Announcing Papercups Functions

How a series of pivots & failed experiments led to our latest feature.

By Kam Leung

Introduction

At Papercups, building developer-centric tooling is a core part of our development philosophy. Instead of offering a limited UI that gives you equally limited control, we want to empower you to customize the end-to-end process of how you find and communicate with your customers. We provide everything from customizable widgets, integrations with Slack and Mattermost, and webhook events.

Papercups react configuration page

The Papercups dashboard provides the chat widget as both an HTML and React component for easier customization by developers.

Papercups Integrations page
All these features are in service of our long-term vision for Papercups – to grow beyond a live customer chat web app into a one-stop shop for your customer communication needs.

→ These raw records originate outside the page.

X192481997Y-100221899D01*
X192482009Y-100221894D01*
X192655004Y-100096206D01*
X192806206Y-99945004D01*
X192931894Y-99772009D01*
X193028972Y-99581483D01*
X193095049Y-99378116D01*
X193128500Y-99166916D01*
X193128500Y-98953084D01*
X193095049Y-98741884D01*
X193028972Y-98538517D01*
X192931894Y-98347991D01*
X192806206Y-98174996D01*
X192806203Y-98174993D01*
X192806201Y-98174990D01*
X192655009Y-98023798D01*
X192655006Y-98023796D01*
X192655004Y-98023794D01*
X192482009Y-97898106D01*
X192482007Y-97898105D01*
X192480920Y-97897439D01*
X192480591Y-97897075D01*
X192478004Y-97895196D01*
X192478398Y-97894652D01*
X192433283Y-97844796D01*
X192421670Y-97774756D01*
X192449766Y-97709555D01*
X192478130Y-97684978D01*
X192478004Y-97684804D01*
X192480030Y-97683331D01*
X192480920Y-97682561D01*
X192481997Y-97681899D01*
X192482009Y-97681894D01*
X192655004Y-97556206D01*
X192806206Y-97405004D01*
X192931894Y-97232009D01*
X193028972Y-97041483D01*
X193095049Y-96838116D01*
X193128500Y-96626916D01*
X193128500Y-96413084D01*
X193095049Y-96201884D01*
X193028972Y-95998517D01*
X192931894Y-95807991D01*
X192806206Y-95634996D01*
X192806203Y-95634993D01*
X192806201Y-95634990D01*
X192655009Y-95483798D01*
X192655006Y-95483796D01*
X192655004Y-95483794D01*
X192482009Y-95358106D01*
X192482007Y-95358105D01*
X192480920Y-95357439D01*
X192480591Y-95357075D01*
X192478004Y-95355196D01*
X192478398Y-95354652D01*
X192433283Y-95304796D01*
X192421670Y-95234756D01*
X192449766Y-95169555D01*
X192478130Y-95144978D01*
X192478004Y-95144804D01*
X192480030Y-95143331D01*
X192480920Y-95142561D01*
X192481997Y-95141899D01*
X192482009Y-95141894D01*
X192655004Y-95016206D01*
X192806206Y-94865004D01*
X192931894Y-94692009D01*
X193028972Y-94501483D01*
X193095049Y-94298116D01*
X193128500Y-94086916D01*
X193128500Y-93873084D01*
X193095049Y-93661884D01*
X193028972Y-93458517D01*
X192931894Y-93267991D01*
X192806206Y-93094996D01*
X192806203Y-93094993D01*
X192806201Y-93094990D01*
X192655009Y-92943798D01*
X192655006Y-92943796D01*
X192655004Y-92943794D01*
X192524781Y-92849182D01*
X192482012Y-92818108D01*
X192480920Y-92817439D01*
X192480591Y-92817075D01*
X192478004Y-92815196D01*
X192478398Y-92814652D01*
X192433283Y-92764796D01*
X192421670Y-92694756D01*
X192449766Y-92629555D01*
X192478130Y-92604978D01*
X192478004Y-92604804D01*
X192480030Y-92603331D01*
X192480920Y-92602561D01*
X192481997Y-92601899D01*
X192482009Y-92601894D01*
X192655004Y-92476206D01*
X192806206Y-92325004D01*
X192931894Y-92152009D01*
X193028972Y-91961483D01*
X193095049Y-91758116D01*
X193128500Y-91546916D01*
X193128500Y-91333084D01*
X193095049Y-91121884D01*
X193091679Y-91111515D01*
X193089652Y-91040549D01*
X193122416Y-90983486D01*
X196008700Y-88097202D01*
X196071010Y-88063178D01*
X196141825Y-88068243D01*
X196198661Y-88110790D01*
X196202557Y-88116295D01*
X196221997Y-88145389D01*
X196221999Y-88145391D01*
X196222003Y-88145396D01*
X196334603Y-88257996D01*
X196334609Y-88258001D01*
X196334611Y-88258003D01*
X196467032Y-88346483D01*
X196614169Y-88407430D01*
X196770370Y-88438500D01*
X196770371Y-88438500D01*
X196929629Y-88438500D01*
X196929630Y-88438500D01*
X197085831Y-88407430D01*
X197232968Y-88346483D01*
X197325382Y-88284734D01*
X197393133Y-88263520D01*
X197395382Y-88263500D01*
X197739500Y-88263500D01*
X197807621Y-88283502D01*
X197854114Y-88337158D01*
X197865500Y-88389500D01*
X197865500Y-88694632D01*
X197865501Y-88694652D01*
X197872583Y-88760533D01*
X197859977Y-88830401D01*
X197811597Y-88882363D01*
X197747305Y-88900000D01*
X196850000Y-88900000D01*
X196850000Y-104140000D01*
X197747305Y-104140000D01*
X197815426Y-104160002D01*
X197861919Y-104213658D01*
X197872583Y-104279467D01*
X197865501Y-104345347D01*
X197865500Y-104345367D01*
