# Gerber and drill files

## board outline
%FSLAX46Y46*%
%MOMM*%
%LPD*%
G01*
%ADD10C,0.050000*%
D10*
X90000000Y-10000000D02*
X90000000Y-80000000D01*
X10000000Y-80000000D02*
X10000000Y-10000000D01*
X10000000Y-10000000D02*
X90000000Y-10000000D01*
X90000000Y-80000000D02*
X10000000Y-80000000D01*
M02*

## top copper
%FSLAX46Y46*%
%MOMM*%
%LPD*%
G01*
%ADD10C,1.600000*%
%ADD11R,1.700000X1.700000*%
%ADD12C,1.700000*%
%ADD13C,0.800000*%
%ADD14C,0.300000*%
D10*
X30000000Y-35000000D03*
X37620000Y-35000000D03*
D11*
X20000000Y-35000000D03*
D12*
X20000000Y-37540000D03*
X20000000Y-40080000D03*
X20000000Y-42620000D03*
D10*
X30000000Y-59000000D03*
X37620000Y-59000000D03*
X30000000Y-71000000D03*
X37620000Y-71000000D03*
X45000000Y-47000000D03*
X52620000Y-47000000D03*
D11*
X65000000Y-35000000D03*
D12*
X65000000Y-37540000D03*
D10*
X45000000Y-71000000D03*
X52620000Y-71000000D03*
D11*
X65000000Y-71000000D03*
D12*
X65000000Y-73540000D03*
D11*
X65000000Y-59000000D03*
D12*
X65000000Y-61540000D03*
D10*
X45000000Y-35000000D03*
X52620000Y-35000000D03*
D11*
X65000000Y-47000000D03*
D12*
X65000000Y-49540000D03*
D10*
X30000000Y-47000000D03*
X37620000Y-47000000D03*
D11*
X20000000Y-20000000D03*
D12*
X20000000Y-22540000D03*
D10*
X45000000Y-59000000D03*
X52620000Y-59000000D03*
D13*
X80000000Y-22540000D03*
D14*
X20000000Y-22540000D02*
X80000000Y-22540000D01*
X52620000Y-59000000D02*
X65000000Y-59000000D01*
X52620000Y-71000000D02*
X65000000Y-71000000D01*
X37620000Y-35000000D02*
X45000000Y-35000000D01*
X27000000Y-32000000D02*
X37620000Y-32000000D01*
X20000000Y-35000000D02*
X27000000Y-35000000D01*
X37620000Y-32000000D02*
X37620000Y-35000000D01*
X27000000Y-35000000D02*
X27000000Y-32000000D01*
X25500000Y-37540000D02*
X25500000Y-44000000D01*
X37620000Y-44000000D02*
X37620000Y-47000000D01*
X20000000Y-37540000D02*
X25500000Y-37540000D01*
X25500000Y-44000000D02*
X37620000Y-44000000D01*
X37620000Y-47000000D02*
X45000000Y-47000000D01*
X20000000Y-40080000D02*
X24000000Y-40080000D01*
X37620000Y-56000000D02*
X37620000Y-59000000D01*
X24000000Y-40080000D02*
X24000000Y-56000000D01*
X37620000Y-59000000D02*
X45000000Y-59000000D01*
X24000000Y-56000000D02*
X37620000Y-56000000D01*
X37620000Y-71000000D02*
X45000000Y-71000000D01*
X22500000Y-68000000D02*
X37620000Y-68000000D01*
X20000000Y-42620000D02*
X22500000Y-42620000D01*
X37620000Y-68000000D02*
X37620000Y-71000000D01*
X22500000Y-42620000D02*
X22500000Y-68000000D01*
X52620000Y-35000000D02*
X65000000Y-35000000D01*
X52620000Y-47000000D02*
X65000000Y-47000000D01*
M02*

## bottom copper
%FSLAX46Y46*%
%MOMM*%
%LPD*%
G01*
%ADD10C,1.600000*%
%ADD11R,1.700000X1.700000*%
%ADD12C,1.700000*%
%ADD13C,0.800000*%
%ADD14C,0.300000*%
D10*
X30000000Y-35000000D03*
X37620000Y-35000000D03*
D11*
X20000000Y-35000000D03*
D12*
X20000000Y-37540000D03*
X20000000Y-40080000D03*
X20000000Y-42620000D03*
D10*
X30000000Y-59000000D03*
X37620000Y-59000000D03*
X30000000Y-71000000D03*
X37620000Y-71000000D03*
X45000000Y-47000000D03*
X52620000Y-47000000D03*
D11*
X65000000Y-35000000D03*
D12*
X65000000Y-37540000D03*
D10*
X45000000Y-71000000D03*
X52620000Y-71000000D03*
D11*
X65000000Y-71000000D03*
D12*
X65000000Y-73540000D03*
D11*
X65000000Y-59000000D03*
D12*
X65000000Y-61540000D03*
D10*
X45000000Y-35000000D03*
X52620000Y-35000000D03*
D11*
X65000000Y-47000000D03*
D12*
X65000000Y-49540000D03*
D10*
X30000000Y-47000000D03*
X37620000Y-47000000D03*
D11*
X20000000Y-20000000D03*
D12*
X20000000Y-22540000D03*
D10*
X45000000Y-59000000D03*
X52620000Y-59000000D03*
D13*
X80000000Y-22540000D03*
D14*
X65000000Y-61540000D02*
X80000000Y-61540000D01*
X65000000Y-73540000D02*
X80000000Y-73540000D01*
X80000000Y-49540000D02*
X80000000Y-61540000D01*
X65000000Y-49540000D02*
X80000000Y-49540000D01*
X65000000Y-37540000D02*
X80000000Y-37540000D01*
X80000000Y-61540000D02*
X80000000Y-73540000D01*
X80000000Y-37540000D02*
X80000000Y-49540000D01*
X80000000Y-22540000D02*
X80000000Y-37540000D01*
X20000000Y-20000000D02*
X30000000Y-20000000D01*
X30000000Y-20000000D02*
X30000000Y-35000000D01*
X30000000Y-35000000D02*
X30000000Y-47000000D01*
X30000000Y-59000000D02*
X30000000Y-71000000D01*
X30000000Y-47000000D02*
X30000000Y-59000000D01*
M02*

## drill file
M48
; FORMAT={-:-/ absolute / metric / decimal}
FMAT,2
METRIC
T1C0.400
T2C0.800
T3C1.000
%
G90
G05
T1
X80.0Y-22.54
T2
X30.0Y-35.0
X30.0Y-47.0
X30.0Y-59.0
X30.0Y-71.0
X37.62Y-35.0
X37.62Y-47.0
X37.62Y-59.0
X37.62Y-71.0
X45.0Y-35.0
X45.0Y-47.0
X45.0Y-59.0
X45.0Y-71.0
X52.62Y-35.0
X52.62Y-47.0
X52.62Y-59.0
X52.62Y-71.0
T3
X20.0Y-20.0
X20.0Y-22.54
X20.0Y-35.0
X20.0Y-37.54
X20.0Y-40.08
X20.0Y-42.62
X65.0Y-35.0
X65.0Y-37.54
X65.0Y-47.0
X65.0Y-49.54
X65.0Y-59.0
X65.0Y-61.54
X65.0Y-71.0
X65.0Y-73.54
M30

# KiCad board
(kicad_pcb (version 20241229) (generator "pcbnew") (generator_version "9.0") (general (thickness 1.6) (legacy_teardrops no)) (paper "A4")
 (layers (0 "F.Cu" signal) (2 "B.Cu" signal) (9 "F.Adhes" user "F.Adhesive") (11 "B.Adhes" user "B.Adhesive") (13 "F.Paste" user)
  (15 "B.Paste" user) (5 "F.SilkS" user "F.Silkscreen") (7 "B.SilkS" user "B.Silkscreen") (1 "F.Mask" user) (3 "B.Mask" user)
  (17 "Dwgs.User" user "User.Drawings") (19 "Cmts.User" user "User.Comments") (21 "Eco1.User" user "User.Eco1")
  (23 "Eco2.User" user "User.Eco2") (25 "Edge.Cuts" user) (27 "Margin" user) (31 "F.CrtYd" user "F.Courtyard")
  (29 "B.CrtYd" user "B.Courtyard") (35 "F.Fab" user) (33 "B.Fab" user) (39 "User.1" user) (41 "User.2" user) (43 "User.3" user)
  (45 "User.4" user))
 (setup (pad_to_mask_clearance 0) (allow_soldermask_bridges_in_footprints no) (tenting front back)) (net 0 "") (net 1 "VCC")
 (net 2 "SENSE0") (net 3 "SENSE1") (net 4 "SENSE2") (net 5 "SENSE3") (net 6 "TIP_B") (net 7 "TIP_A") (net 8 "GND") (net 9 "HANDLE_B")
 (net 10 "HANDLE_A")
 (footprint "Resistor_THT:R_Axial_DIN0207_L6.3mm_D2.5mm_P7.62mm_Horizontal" (layer "F.Cu") (at 30 35)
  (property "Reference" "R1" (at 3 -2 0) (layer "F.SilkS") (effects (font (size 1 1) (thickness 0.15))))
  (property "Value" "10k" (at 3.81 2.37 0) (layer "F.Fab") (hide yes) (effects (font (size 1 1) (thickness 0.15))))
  (pad "1" thru_hole circle (at 0 0) (size 1.6 1.6) (drill 0.8) (layers "*.Cu" "*.Mask") (remove_unused_layers no) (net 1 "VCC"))
  (pad "2" thru_hole circle (at 7.62 0) (size 1.6 1.6) (drill 0.8) (layers "*.Cu" "*.Mask") (remove_unused_layers no) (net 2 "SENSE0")))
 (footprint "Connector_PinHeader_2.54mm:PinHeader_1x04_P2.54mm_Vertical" (layer "F.Cu") (at 20 35)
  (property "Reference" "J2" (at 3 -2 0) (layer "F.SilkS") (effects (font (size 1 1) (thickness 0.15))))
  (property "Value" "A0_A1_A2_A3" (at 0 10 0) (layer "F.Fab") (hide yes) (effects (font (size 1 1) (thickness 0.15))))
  (pad "1" thru_hole rect (at 0 0) (size 1.7 1.7) (drill 1) (layers "*.Cu" "*.Mask") (remove_unused_layers no) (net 2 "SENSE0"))
  (pad "2" thru_hole circle (at 0 2.54) (size 1.7 1.7) (drill 1) (layers "*.Cu" "*.Mask") (remove_unused_layers no) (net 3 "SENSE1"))
  (pad "3" thru_hole circle (at 0 5.08) (size 1.7 1.7) (drill 1) (layers "*.Cu" "*.Mask") (remove_unused_layers no) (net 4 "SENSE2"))
  (pad "4" thru_hole circle (at 0 7.62) (size 1.7 1.7) (drill 1) (layers "*.Cu" "*.Mask") (remove_unused_layers no) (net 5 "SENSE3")))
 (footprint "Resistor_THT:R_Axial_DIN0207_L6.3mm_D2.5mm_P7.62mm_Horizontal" (layer "F.Cu") (at 30 59)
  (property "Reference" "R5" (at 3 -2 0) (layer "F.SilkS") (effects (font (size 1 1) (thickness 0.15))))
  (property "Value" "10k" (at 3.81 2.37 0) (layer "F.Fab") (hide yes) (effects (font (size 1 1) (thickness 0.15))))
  (pad "1" thru_hole circle (at 0 0) (size 1.6 1.6) (drill 0.8) (layers "*.Cu" "*.Mask") (remove_unused_layers no) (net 1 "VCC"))
  (pad "2" thru_hole circle (at 7.62 0) (size 1.6 1.6) (drill 0.8) (layers "*.Cu" "*.Mask") (remove_unused_layers no) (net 4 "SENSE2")))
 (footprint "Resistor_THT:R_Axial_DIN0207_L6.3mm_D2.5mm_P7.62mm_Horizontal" (layer "F.Cu") (at 30 71)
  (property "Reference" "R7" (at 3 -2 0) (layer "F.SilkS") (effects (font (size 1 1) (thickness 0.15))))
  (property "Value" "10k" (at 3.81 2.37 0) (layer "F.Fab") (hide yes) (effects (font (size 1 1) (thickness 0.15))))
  (pad "1" thru_hole circle (at 0 0) (size 1.6 1.6) (drill 0.8) (layers "*.Cu" "*.Mask") (remove_unused_layers no) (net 1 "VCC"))
  (pad "2" thru_hole circle (at 7.62 0) (size 1.6 1.6) (drill 0.8) (layers "*.Cu" "*.Mask") (remove_unused_layers no) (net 5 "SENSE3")))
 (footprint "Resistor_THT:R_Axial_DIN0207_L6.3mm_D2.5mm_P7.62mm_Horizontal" (layer "F.Cu") (at 45 47)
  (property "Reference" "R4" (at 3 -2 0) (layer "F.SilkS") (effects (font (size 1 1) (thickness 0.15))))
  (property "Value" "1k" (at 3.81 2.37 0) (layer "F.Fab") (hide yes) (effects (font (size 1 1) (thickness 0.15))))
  (pad "1" thru_hole circle (at 0 0) (size 1.6 1.6) (drill 0.8) (layers "*.Cu" "*.Mask") (remove_unused_layers no) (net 3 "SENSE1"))
  (pad "2" thru_hole circle (at 7.62 0) (size 1.6 1.6) (drill 0.8) (layers "*.Cu" "*.Mask") (remove_unused_layers no) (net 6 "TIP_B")))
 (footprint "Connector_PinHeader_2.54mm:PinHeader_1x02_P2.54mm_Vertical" (layer "F.Cu") (at 65 35)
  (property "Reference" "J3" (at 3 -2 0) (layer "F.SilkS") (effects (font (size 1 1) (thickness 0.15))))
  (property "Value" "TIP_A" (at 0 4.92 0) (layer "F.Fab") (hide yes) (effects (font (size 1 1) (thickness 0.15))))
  (pad "1" thru_hole rect (at 0 0) (size 1.7 1.7) (drill 1) (layers "*.Cu" "*.Mask") (remove_unused_layers no) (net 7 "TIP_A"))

But even with our ideas and good intentions, we know we can’t cover all the possible cases for how our users chat with and learn from their customers.

That’s why we’re very excited to announce the release of Papercups’ Functions, a new way to uniquely handle your incoming chat messages using the most developer-friendly tool of all – code.

But why did we decide on this feature?

History of failed experiments

To talk about how Papercups’ roadmap, we have to consider where we came from.

What many people don’t know about Papercups is that it started as a freight company.

When Alex and I first got into YC, our grand entrepreneurial idea was that we would make it easy for companies to book freight shipments online. With Alex’s background in shipping, we wanted to provide instantaneous price quotes without having to talk to multiple sales people across multiple shipping providers. We essentially wanted to build Expedia for ocean freight.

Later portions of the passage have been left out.